What the board should be pricing in is the cost of the next class of incident. The companies that built defense-in-depth for the software supply chain early avoided the worst of the cascading incident costs. The companies that didn't paid for it in incident-response retainers, regulatory exposure, and customer-trust events that cost more than the original defense would have. AI agent skills are the next dependency layer.
Most buyers treat the agentic layer as a product decision. They evaluate it the way they evaluate any point solution: features, integrations, price per seat. They pick the agent with the best dashboard and move on.
That is not the right frame. The agentic layer is an architecture decision. It is the layer that sits between the intelligence engine and the analyst, that runs continuously when the analyst is not in the queue, that determines whether the 70-product stack actually functions as a coordinated defense or as 70 independent signals with no orchestration. Buyers who treat it as a product purchase get a feature. Buyers who treat it as an architecture decision get a layer that compounds. One that learns from their environment, extends to the new estate as it grows, and holds across both the agents defending the enterprise and the defenses protecting the AI estate itself.

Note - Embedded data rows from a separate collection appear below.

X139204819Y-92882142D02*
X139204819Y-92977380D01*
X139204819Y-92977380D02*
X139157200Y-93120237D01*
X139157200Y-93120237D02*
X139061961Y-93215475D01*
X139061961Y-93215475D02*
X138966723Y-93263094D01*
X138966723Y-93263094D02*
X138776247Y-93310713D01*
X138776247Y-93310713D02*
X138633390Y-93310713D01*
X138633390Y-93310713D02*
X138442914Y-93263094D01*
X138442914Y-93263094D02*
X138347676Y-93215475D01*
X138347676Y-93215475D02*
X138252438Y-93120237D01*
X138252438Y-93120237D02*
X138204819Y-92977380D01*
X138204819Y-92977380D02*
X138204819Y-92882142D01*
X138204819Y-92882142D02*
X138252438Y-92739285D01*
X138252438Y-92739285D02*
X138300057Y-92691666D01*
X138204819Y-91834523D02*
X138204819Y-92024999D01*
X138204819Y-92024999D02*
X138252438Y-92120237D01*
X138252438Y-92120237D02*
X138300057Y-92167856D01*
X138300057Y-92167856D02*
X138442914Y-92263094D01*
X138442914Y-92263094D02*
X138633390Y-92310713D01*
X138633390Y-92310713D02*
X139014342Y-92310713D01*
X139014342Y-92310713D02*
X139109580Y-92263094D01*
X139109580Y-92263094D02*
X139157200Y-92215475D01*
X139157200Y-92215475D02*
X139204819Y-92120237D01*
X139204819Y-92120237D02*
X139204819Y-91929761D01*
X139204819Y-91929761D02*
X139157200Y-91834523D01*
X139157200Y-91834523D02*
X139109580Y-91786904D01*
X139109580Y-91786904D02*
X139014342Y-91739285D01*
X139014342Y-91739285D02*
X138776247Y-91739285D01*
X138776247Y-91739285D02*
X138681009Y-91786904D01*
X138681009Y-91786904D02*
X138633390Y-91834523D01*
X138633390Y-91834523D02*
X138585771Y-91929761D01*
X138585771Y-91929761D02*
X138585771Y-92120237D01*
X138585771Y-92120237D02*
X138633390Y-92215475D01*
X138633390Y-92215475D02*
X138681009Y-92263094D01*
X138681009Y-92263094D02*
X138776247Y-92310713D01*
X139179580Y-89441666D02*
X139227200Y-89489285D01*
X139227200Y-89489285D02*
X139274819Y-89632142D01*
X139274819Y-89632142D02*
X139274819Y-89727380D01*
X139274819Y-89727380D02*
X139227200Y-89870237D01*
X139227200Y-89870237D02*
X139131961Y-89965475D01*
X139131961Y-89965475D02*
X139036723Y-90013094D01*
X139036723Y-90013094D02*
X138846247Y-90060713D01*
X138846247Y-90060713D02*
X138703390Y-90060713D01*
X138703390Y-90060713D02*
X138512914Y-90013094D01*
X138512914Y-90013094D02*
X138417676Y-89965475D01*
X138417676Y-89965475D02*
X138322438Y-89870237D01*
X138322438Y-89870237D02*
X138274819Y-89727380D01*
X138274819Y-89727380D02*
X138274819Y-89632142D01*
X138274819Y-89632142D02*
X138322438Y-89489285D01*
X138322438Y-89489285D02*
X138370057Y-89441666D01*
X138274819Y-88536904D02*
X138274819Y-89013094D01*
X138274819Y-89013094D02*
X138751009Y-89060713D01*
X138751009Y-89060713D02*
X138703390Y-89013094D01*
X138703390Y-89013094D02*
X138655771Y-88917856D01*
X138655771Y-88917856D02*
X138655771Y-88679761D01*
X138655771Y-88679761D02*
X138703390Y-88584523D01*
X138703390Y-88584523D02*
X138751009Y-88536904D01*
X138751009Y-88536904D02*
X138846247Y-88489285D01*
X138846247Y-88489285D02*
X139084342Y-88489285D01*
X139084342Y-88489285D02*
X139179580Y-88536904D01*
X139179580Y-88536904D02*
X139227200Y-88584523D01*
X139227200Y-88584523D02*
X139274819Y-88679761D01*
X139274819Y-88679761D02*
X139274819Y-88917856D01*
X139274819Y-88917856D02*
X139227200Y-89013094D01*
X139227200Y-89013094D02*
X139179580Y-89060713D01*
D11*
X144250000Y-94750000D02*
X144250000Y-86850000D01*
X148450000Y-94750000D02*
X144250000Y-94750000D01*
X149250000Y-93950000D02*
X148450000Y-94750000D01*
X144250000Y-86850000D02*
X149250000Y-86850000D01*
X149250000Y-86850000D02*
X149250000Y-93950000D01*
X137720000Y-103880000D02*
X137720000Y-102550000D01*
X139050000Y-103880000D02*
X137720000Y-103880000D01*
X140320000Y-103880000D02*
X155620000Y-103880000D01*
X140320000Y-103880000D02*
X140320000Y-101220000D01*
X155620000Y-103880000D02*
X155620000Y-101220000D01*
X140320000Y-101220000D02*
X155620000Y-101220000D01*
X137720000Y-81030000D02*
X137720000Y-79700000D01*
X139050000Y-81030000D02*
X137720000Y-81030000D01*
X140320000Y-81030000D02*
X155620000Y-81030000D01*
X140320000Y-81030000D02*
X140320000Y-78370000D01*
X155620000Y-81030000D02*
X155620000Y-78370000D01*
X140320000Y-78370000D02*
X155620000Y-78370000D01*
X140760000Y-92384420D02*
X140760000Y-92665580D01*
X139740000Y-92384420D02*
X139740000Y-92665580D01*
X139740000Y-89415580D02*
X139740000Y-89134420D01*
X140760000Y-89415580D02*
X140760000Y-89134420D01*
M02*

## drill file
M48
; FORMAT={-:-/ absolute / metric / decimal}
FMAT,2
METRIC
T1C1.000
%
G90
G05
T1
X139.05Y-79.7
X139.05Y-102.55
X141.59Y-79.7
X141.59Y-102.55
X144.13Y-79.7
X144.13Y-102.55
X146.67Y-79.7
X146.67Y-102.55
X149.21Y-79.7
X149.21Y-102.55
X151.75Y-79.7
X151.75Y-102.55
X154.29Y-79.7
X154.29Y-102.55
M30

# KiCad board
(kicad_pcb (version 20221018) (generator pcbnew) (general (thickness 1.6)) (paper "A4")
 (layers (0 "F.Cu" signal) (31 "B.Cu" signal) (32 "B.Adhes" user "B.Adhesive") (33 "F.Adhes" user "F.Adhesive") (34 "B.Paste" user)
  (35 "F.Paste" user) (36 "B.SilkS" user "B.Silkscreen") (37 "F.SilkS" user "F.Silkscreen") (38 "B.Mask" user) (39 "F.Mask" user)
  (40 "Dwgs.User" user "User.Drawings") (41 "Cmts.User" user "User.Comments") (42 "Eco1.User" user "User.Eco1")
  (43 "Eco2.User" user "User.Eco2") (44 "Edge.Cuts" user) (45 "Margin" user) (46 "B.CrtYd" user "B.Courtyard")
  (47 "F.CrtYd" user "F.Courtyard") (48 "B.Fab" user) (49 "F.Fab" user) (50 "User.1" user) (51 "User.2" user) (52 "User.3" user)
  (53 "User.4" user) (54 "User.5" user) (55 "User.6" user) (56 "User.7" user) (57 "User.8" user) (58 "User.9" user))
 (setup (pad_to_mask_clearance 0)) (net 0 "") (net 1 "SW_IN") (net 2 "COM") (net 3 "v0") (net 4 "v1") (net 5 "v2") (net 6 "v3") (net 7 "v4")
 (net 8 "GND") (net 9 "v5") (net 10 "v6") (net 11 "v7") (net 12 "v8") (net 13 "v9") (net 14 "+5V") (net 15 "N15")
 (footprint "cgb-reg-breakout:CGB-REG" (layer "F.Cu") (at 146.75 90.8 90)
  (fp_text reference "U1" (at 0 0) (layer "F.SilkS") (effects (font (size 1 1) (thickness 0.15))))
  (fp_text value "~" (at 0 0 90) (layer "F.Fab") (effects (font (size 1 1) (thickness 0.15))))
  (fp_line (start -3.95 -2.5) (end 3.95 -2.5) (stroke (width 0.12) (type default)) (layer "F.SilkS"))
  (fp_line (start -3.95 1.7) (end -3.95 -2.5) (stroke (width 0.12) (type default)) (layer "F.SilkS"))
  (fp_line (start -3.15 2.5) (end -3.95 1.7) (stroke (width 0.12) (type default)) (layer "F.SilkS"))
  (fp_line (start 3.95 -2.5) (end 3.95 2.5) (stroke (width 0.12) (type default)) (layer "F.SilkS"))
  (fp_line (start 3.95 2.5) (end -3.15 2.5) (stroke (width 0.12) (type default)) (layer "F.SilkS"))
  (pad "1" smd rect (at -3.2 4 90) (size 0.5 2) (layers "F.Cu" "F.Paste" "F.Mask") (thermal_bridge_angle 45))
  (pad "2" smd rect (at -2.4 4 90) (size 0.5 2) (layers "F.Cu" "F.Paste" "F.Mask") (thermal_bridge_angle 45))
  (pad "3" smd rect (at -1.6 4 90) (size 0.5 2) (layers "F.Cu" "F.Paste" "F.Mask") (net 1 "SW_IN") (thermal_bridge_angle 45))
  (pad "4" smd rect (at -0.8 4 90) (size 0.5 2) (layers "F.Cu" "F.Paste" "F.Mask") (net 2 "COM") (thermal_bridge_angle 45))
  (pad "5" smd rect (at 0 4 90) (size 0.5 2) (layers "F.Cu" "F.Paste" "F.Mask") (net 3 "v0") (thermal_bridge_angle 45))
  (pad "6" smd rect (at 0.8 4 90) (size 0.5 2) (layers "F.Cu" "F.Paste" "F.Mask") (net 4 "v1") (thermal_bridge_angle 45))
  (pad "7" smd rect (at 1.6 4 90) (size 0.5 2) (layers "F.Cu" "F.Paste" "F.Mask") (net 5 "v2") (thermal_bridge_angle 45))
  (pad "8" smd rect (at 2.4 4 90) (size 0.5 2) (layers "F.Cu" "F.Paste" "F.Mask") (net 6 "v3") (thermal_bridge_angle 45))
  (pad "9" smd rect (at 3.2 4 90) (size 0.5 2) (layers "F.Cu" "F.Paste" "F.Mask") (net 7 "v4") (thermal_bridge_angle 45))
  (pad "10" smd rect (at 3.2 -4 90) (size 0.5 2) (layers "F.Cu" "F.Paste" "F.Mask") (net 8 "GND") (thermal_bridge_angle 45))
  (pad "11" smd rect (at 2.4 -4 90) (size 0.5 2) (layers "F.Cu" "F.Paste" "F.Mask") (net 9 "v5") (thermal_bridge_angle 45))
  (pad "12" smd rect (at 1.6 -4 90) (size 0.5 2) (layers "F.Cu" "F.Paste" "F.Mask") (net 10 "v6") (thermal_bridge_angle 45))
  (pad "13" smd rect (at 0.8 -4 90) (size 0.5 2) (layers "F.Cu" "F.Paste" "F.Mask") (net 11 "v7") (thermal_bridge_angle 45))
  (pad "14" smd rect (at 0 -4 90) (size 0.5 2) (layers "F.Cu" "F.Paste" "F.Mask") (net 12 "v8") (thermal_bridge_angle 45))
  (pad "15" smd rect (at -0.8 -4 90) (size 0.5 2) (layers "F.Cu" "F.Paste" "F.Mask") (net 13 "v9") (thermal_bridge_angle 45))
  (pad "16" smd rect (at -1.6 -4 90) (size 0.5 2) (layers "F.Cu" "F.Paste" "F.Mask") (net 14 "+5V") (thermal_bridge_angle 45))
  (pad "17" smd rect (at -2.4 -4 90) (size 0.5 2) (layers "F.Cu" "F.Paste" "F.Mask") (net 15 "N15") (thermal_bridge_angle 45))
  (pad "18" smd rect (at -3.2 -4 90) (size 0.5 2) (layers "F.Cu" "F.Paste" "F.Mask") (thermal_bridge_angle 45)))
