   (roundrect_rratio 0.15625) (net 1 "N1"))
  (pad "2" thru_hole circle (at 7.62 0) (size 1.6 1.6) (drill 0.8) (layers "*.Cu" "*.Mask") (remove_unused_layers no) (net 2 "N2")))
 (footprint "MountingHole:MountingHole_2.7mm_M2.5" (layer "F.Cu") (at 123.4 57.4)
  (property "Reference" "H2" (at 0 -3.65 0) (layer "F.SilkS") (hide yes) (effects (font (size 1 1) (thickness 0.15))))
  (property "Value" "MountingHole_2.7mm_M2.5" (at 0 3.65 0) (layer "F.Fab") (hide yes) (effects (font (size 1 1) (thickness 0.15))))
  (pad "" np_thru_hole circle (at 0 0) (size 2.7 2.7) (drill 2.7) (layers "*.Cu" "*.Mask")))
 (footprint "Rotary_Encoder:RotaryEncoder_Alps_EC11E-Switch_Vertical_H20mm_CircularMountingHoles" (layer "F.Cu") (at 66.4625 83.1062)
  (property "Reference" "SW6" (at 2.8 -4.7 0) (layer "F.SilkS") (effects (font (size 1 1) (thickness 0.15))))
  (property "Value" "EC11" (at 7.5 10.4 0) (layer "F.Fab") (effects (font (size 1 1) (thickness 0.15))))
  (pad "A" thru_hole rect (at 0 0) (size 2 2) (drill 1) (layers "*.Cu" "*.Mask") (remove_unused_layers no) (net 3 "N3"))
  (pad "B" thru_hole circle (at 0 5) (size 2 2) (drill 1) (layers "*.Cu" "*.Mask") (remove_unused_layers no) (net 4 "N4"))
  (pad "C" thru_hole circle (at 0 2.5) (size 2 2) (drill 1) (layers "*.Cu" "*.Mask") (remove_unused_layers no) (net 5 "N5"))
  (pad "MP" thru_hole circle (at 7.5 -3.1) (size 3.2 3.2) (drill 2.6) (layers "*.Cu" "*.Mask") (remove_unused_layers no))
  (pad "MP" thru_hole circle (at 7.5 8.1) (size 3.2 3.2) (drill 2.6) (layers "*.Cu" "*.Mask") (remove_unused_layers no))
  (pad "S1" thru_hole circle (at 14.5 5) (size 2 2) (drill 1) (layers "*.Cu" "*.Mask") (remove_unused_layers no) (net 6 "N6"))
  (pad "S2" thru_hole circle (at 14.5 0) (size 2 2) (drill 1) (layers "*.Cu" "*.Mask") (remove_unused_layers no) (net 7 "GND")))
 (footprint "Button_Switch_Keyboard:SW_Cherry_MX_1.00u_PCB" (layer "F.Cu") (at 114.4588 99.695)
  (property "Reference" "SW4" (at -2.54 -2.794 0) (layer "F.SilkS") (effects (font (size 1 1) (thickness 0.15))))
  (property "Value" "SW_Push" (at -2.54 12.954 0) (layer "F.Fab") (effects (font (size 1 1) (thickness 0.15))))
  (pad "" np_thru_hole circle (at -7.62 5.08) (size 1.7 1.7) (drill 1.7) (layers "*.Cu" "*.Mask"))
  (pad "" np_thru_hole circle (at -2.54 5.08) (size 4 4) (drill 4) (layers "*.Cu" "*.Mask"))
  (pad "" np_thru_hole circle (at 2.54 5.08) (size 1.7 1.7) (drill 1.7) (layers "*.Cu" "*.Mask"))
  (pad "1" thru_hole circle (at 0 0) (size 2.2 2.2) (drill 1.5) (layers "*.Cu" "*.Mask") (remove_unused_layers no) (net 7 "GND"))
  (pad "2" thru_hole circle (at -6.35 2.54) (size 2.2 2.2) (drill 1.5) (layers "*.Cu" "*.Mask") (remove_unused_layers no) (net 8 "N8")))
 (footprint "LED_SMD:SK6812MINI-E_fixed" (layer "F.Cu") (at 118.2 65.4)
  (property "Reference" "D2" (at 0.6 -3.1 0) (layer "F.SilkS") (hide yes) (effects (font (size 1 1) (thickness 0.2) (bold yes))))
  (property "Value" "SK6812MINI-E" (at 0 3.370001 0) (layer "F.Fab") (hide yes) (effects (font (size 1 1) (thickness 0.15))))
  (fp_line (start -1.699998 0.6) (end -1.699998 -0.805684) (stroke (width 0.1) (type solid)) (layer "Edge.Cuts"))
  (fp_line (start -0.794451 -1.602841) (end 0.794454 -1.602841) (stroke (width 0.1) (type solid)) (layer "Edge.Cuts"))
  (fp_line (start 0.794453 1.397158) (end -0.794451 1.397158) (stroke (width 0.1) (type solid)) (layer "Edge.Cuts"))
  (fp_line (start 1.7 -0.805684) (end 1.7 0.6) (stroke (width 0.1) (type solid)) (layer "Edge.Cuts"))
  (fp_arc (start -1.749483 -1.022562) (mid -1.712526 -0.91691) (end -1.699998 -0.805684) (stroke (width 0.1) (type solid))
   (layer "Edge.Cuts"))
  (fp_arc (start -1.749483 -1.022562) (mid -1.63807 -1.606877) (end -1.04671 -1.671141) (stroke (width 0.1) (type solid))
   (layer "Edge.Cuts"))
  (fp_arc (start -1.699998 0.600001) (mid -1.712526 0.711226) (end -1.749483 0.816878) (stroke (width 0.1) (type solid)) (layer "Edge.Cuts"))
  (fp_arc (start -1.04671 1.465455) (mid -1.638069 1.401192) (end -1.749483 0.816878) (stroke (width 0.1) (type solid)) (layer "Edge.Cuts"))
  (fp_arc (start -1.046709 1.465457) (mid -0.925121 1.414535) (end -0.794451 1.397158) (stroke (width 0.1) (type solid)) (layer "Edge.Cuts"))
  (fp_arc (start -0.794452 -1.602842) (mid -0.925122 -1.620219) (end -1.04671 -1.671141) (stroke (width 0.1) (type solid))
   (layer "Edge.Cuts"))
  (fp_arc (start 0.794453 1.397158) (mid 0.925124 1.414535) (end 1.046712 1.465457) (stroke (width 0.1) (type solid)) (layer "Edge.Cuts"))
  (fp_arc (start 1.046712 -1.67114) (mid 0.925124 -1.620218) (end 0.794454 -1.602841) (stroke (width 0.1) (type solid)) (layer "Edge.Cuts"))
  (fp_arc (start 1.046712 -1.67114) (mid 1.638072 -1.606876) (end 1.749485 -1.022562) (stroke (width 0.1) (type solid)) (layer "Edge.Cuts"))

The vendors that get there are the ones that built AI-native from the architecture up, not the ones that bolted "agentic" onto a cloud product as a release note. The seam between a vendor that ships only one arm and another that ships only the other is where the next incident lives.
ThreatBook ships both arms. ATI is recognised in the Gartner Market Guide for Security Threat Intelligence Products and Services for four consecutive years. TDP was selected in the first-ever Gartner Magic Quadrant for Network Detection and Response. The intelligence engine does not change. It extends.
Whatever new architecture gets named next year, the work is the same: reduce the alert the analyst wastes a day on, detect the threat before it moves, secure the estate the enterprise already depends on. The agents that act on the intelligence are how that work gets done at the scale of the actual estate. That is the basic problem. We are trying to solve it.